■ **RECORDS TO USE**:
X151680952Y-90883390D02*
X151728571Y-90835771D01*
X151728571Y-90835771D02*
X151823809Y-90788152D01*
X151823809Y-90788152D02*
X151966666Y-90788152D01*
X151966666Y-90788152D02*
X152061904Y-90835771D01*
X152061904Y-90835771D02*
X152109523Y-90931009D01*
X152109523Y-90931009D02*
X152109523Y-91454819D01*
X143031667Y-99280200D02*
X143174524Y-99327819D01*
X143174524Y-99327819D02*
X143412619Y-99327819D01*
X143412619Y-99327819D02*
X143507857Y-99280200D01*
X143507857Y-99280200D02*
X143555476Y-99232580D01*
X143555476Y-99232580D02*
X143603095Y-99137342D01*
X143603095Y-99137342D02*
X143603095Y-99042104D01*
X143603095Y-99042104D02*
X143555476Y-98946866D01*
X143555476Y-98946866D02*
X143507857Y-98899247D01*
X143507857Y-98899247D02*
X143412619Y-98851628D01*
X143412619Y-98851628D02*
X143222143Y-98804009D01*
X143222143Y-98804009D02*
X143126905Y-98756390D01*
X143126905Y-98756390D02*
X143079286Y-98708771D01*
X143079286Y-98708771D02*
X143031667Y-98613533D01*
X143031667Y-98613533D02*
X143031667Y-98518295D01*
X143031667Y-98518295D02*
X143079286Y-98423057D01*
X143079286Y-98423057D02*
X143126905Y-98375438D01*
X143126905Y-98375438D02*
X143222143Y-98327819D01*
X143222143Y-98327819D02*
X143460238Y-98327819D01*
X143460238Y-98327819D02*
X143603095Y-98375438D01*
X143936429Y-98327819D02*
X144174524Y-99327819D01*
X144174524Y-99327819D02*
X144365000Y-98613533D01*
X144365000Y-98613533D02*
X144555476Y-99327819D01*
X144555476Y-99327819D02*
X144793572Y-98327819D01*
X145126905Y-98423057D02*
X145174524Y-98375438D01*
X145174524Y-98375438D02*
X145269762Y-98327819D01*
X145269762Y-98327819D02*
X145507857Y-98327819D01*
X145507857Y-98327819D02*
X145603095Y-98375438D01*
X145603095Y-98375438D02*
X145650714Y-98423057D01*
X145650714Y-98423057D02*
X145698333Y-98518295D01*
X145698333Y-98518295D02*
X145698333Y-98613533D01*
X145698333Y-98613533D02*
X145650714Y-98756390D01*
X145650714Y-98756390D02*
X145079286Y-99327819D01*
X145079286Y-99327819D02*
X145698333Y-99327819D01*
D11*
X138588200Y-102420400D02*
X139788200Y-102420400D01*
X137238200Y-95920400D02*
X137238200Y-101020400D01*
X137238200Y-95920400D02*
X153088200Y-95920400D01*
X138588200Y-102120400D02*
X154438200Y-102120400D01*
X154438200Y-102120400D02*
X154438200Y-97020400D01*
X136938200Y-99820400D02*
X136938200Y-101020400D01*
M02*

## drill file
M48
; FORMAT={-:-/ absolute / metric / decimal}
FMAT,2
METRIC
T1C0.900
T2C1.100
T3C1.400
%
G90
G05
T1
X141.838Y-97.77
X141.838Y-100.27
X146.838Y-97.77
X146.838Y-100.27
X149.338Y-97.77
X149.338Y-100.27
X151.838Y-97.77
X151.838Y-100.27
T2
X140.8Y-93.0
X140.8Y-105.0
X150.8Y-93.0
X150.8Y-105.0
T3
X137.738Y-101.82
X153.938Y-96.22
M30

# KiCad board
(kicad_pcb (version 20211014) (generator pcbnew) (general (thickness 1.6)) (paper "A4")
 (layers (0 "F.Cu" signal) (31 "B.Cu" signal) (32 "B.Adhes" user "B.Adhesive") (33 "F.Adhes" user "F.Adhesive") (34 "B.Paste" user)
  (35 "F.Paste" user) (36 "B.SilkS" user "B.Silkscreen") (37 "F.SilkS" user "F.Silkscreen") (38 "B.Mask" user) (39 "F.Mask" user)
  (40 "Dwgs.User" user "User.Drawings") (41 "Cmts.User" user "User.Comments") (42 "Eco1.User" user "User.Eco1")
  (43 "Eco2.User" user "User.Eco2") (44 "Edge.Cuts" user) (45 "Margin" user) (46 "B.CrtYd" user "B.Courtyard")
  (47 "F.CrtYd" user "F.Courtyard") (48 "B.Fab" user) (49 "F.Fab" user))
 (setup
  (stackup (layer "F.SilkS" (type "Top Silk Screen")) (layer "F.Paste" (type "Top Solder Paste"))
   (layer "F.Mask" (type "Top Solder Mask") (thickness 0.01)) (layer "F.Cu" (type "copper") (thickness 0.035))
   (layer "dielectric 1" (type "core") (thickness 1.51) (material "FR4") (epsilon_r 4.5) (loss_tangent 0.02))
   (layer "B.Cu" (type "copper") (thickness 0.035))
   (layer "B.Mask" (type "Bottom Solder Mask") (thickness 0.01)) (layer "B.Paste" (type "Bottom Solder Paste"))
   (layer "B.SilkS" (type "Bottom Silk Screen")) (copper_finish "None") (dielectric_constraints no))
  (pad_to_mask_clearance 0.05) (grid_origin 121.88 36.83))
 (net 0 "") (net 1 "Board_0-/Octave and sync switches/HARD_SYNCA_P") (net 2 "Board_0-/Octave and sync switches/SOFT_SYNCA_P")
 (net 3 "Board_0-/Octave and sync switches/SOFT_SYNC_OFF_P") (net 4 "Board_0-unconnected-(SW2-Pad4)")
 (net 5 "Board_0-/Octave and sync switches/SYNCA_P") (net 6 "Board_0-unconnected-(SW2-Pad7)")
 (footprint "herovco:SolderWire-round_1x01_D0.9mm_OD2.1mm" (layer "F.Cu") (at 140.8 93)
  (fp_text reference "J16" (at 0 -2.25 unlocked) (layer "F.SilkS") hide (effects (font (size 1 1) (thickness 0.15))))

■ **AIM OF THE TASK**: All of the material must be given again without any change.

■ **ANSWER FOR THIS EXERCISE**:
X151680952Y-90883390D02*
X151728571Y-90835771D01*
X151728571Y-90835771D02*
X151823809Y-90788152D01*
X151823809Y-90788152D02*
X151966666Y-90788152D01*
X151966666Y-90788152D02*
X152061904Y-90835771D01*
X152061904Y-90835771D02*
X152109523Y-90931009D01*
X152109523Y-90931009D02*
X152109523Y-91454819D01*
X143031667Y-99280200D02*
X143174524Y-99327819D01*
X143174524Y-99327819D02*
X143412619Y-99327819D01*
X143412619Y-99327819D02*
X143507857Y-99280200D01*
X143507857Y-99280200D02*
X143555476Y-99232580D01*
X143555476Y-99232580D02*
X143603095Y-99137342D01*
X143603095Y-99137342D02*
X143603095Y-99042104D01*
X143603095Y-99042104D02*
X143555476Y-98946866D01*
X143555476Y-98946866D02*
X143507857Y-98899247D01*
X143507857Y-98899247D02*
X143412619Y-98851628D01*
X143412619Y-98851628D02*
X143222143Y-98804009D01*
X143222143Y-98804009D02*
X143126905Y-98756390D01*
X143126905Y-98756390D02*
X143079286Y-98708771D01*
X143079286Y-98708771D02*
X143031667Y-98613533D01*
X143031667Y-98613533D02*
X143031667Y-98518295D01*
X143031667Y-98518295D02*
X143079286Y-98423057D01*
X143079286Y-98423057D02*
X143126905Y-98375438D01*
X143126905Y-98375438D02*
X143222143Y-98327819D01*
X143222143Y-98327819D02*
X143460238Y-98327819D01*
X143460238Y-98327819D02*
X143603095Y-98375438D01*
X143936429Y-98327819D02*
X144174524Y-99327819D01*
X144174524Y-99327819D02*
X144365000Y-98613533D01*
X144365000Y-98613533D02*
X144555476Y-99327819D01*
X144555476Y-99327819D02*
X144793572Y-98327819D01*
X145126905Y-98423057D02*
X145174524Y-98375438D01*
X145174524Y-98375438D02*
X145269762Y-98327819D01*
X145269762Y-98327819D02*
X145507857Y-98327819D01*
X145507857Y-98327819D02*
X145603095Y-98375438D01*
X145603095Y-98375438D02*
X145650714Y-98423057D01*
X145650714Y-98423057D02*
X145698333Y-98518295D01*
X145698333Y-98518295D02*
X145698333Y-98613533D01*
X145698333Y-98613533D02*
X145650714Y-98756390D01*
X145650714Y-98756390D02*
X145079286Y-99327819D01*
X145079286Y-99327819D02*
X145698333Y-99327819D01*
D11*
X138588200Y-102420400D02*
X139788200Y-102420400D01*
X137238200Y-95920400D02*
X137238200Y-101020400D01*
X137238200Y-95920400D02*
X153088200Y-95920400D01*
X138588200Y-102120400D02*
X154438200Y-102120400D01*
X154438200Y-102120400D02*
X154438200Y-97020400D01*
X136938200Y-99820400D02*
X136938200Y-101020400D01*
M02*

## drill file
M48
; FORMAT={-:-/ absolute / metric / decimal}
FMAT,2
METRIC
T1C0.900
T2C1.100
T3C1.400
%
G90
G05
T1
X141.838Y-97.77
X141.838Y-100.27
X146.838Y-97.77
X146.838Y-100.27
X149.338Y-97.77
X149.338Y-100.27
X151.838Y-97.77
X151.838Y-100.27
T2
X140.8Y-93.0
X140.8Y-105.0
X150.8Y-93.0
X150.8Y-105.0
T3
X137.738Y-101.82
X153.938Y-96.22
M30

# KiCad board
(kicad_pcb (version 20211014) (generator pcbnew) (general (thickness 1.6)) (paper "A4")
 (layers (0 "F.Cu" signal) (31 "B.Cu" signal) (32 "B.Adhes" user "B.Adhesive") (33 "F.Adhes" user "F.Adhesive") (34 "B.Paste" user)
  (35 "F.Paste" user) (36 "B.SilkS" user "B.Silkscreen") (37 "F.SilkS" user "F.Silkscreen") (38 "B.Mask" user) (39 "F.Mask" user)
  (40 "Dwgs.User" user "User.Drawings") (41 "Cmts.User" user "User.Comments") (42 "Eco1.User" user "User.Eco1")
  (43 "Eco2.User" user "User.Eco2") (44 "Edge.Cuts" user) (45 "Margin" user) (46 "B.CrtYd" user "B.Courtyard")
  (47 "F.CrtYd" user "F.Courtyard") (48 "B.Fab" user) (49 "F.Fab" user))
 (setup
  (stackup (layer "F.SilkS" (type "Top Silk Screen")) (layer "F.Paste" (type "Top Solder Paste"))
   (layer "F.Mask" (type "Top Solder Mask") (thickness 0.01)) (layer "F.Cu" (type "copper") (thickness 0.035))
   (layer "dielectric 1" (type "core") (thickness 1.51) (material "FR4") (epsilon_r 4.5) (loss_tangent 0.02))
   (layer "B.Cu" (type "copper") (thickness 0.035))
   (layer "B.Mask" (type "Bottom Solder Mask") (thickness 0.01)) (layer "B.Paste" (type "Bottom Solder Paste"))
   (layer "B.SilkS" (type "Bottom Silk Screen")) (copper_finish "None") (dielectric_constraints no))
  (pad_to_mask_clearance 0.05) (grid_origin 121.88 36.83))
 (net 0 "") (net 1 "Board_0-/Octave and sync switches/HARD_SYNCA_P") (net 2 "Board_0-/Octave and sync switches/SOFT_SYNCA_P")
 (net 3 "Board_0-/Octave and sync switches/SOFT_SYNC_OFF_P") (net 4 "Board_0-unconnected-(SW2-Pad4)")
 (net 5 "Board_0-/Octave and sync switches/SYNCA_P") (net 6 "Board_0-unconnected-(SW2-Pad7)")
 (footprint "herovco:SolderWire-round_1x01_D0.9mm_OD2.1mm" (layer "F.Cu") (at 140.8 93)
  (fp_text reference "J16" (at 0 -2.25 unlocked) (layer "F.SilkS") hide (effects (font (size 1 1) (thickness 0.15))))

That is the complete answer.